# Muzzleloader Barrel Length



## Igottabigone (Oct 4, 2007)

I'm in the market for a new muzzleloader. Most of the barrels on modern muzzleloaders are between 26 to 30 inches long. I am wondering if there is any benefit to buying a muzzy with a longer barrel. I know it will add a little extra weight. However, all things being equal, is a longer barrel better? It looks like it adds FPS, but does it increase accuracy? I'd love to hear some input from the muzzy gurus.


----------



## DallanC (Jan 13, 2009)

We have two at 24", one at 28" length. They all shoot cloverleaf groups. Twist is more important than length.
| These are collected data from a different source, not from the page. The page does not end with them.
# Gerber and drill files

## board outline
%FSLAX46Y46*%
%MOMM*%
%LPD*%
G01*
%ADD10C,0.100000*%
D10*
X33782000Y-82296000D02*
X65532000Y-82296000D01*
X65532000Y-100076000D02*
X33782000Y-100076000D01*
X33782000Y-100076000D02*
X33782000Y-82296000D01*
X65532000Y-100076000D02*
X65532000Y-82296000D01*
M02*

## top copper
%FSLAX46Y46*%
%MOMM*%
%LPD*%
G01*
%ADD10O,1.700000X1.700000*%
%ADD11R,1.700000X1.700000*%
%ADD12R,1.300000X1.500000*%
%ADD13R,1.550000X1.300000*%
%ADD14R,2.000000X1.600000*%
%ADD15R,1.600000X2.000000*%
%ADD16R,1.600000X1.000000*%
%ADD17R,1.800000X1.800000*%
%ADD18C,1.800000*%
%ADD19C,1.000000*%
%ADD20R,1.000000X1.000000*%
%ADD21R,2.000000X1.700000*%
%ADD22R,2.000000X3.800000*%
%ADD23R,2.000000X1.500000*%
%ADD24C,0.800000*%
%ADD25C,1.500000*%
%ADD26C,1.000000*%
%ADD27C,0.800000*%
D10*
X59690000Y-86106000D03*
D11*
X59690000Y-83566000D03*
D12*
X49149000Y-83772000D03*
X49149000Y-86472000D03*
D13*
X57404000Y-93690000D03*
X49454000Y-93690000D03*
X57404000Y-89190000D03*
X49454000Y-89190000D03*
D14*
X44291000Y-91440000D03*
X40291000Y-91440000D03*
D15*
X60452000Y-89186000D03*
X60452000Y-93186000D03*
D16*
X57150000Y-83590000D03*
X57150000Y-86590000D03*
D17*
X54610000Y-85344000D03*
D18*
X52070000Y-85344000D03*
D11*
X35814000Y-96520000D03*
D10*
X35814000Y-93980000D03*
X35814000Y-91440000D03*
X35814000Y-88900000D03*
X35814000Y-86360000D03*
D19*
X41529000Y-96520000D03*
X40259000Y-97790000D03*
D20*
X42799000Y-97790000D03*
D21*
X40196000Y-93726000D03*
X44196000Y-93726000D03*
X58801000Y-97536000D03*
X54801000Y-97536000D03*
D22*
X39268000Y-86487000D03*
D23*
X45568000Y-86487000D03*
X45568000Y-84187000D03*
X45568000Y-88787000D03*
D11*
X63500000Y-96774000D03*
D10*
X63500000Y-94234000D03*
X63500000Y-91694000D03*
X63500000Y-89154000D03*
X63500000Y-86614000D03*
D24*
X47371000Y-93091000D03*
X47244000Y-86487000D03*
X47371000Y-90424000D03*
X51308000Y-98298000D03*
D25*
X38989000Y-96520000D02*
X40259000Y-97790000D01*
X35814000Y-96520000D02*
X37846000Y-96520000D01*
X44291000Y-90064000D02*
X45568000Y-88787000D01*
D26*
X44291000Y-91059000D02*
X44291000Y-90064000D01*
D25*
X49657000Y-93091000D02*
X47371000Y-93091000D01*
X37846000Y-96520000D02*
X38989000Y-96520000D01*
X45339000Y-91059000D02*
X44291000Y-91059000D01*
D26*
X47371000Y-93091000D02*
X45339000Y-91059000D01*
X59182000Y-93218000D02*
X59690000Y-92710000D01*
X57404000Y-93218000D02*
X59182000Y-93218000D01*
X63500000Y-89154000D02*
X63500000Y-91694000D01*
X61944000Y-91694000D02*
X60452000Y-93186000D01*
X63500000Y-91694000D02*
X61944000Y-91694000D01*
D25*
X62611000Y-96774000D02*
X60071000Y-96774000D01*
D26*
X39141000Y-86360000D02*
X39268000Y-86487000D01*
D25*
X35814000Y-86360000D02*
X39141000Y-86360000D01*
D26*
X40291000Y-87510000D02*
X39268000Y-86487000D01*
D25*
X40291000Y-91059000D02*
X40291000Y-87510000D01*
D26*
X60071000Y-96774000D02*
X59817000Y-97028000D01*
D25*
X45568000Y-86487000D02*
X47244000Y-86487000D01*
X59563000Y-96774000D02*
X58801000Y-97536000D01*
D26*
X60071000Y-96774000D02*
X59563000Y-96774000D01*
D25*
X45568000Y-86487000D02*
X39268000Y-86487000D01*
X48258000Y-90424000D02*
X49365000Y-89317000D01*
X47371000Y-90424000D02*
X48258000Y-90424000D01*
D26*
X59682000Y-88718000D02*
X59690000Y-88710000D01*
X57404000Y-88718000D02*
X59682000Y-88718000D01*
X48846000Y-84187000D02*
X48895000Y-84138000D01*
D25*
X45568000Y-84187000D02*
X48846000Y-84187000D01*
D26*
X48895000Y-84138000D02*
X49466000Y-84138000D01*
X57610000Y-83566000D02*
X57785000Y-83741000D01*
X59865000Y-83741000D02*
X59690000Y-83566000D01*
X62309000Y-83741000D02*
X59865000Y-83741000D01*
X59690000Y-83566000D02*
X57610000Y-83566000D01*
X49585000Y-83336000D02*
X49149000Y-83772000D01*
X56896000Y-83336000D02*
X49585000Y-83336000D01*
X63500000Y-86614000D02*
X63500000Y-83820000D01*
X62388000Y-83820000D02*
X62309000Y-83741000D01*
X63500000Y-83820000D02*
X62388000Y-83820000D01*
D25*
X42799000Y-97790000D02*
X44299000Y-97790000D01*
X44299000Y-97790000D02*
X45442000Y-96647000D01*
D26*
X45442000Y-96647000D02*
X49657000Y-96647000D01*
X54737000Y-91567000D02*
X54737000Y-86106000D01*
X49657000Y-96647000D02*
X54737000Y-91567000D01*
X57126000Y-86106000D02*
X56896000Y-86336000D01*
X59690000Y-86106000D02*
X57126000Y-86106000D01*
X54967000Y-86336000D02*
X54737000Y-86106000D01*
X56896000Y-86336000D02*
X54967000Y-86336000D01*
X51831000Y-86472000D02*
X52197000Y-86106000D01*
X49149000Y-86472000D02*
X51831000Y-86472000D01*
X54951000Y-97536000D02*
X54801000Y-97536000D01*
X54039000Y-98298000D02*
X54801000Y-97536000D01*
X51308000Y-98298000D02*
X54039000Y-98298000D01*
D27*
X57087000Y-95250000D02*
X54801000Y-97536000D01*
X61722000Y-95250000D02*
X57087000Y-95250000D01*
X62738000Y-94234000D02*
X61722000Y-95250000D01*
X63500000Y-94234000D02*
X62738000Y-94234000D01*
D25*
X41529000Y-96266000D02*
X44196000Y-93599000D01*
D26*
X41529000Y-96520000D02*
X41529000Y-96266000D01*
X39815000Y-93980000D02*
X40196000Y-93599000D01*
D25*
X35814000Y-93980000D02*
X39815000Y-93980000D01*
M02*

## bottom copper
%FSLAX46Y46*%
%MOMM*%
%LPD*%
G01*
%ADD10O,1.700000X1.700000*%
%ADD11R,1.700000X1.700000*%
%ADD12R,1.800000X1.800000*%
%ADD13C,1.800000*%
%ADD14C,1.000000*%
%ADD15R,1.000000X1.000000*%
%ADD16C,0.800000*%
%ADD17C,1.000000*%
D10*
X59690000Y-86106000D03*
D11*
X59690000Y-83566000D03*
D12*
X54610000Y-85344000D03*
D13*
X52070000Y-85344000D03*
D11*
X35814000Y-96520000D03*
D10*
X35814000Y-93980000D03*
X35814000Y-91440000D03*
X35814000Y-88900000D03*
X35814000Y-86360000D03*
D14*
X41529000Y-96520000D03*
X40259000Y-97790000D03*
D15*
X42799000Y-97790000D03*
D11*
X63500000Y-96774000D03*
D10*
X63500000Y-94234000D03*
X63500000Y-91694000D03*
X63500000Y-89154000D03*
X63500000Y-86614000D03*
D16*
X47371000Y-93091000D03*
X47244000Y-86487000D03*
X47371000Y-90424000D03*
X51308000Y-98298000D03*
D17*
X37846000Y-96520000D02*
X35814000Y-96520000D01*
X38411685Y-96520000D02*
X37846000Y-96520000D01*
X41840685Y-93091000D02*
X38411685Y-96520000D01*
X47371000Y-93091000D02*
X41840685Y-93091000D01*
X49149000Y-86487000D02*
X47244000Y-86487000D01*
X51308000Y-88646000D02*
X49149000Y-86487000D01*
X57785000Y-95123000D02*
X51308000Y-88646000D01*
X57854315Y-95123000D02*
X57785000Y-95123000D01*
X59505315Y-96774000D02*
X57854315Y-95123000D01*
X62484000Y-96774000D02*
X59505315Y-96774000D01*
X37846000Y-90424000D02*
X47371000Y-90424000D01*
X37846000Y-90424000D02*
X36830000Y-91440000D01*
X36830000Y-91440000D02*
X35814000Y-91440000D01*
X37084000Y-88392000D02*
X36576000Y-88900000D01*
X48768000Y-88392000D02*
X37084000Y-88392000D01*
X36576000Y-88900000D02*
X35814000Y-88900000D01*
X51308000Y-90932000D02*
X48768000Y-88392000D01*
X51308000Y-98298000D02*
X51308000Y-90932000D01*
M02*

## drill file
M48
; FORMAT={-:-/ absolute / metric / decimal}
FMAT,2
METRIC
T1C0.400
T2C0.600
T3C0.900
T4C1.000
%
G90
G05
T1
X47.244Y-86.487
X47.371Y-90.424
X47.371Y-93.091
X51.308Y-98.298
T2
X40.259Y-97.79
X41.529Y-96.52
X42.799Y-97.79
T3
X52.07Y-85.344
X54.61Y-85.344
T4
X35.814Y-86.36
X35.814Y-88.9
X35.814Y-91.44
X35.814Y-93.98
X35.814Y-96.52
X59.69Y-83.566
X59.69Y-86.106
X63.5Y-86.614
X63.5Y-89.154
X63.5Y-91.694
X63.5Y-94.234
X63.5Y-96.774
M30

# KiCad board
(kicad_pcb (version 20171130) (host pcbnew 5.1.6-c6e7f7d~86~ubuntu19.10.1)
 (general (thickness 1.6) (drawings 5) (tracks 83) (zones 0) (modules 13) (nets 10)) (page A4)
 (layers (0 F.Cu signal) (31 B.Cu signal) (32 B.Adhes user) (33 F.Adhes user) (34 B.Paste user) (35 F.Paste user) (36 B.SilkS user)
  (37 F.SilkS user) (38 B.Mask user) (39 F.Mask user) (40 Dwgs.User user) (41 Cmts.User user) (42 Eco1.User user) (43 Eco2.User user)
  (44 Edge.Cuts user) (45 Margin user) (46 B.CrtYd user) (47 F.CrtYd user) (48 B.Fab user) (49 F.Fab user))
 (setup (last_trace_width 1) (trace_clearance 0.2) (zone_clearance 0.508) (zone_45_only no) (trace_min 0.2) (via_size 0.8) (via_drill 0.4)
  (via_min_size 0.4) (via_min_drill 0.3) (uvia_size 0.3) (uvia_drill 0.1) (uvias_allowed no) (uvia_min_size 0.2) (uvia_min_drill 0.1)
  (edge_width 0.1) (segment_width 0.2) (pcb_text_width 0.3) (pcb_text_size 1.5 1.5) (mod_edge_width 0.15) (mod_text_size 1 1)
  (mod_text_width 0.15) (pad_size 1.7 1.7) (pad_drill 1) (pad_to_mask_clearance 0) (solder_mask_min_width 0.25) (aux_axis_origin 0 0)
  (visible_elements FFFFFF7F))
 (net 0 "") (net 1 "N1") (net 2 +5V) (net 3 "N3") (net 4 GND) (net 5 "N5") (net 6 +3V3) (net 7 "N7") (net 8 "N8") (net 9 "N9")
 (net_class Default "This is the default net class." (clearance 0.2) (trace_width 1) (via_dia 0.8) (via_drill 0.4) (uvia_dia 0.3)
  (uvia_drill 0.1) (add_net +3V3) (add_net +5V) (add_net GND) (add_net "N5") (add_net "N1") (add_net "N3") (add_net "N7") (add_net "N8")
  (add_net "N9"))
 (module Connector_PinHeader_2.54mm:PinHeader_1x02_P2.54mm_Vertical (layer B.Cu) (at 59.69 83.566 180)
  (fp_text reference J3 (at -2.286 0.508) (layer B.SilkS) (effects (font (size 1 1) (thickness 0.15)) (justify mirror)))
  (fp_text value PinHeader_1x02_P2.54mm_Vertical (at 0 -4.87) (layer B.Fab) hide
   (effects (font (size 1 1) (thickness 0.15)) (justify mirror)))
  (pad 2 thru_hole oval (at 0 -2.54 180) (size 1.7 1.7) (drill 1) (layers *.Cu *.Mask) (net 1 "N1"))
  (pad 1 thru_hole rect (at 0 0 180) (size 1.7 1.7) (drill 1) (layers *.Cu *.Mask) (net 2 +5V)))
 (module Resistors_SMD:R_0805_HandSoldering (layer F.Cu) (at 49.149 85.122 90)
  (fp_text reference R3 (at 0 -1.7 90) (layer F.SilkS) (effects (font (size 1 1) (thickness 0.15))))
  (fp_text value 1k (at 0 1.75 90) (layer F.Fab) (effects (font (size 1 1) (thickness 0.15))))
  (pad 2 smd rect (at 1.35 0 90) (size 1.5 1.3) (layers F.Cu F.Paste F.Mask) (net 2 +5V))
  (pad 1 smd rect (at -1.35 0 90) (size 1.5 1.3) (layers F.Cu F.Paste F.Mask) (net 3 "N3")))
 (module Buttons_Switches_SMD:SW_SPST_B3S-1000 (layer F.Cu) (at 53.429 91.44)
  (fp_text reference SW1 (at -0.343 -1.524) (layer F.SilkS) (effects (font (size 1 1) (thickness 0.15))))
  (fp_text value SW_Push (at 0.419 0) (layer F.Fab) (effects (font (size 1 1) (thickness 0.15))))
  (pad 2 smd rect (at 3.975 2.25) (size 1.55 1.3) (layers F.Cu F.Paste F.Mask) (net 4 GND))
  (pad 2 smd rect (at -3.975 2.25) (size 1.55 1.3) (layers F.Cu F.Paste F.Mask) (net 4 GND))
  (pad 1 smd rect (at 3.975 -2.25) (size 1.55 1.3) (layers F.Cu F.Paste F.Mask) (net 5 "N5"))
  (pad 1 smd rect (at -3.975 -2.25) (size 1.55 1.3) (layers F.Cu F.Paste F.Mask) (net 5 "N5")))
Back in the day with roundballs you wanted a slower, but longer ignition that wouldnt "stripe" across the riflings so longer barrels make sense. But todays guns, nah... I dont believe it matters all that much.

-DallanC


----------



## manysteps (Sep 28, 2009)

With a slower twist, a longer barrel would make a difference... the extra weight will also stabilize your aiming... of course, you're probably talking about inlines... and all I know are sidelocks and flint locks, so my advice is probably null here


----------



## RandomElk16 (Sep 17, 2013)

All I can say is my 28" shoots better than many rifles and is no trouble at all in the field.


----------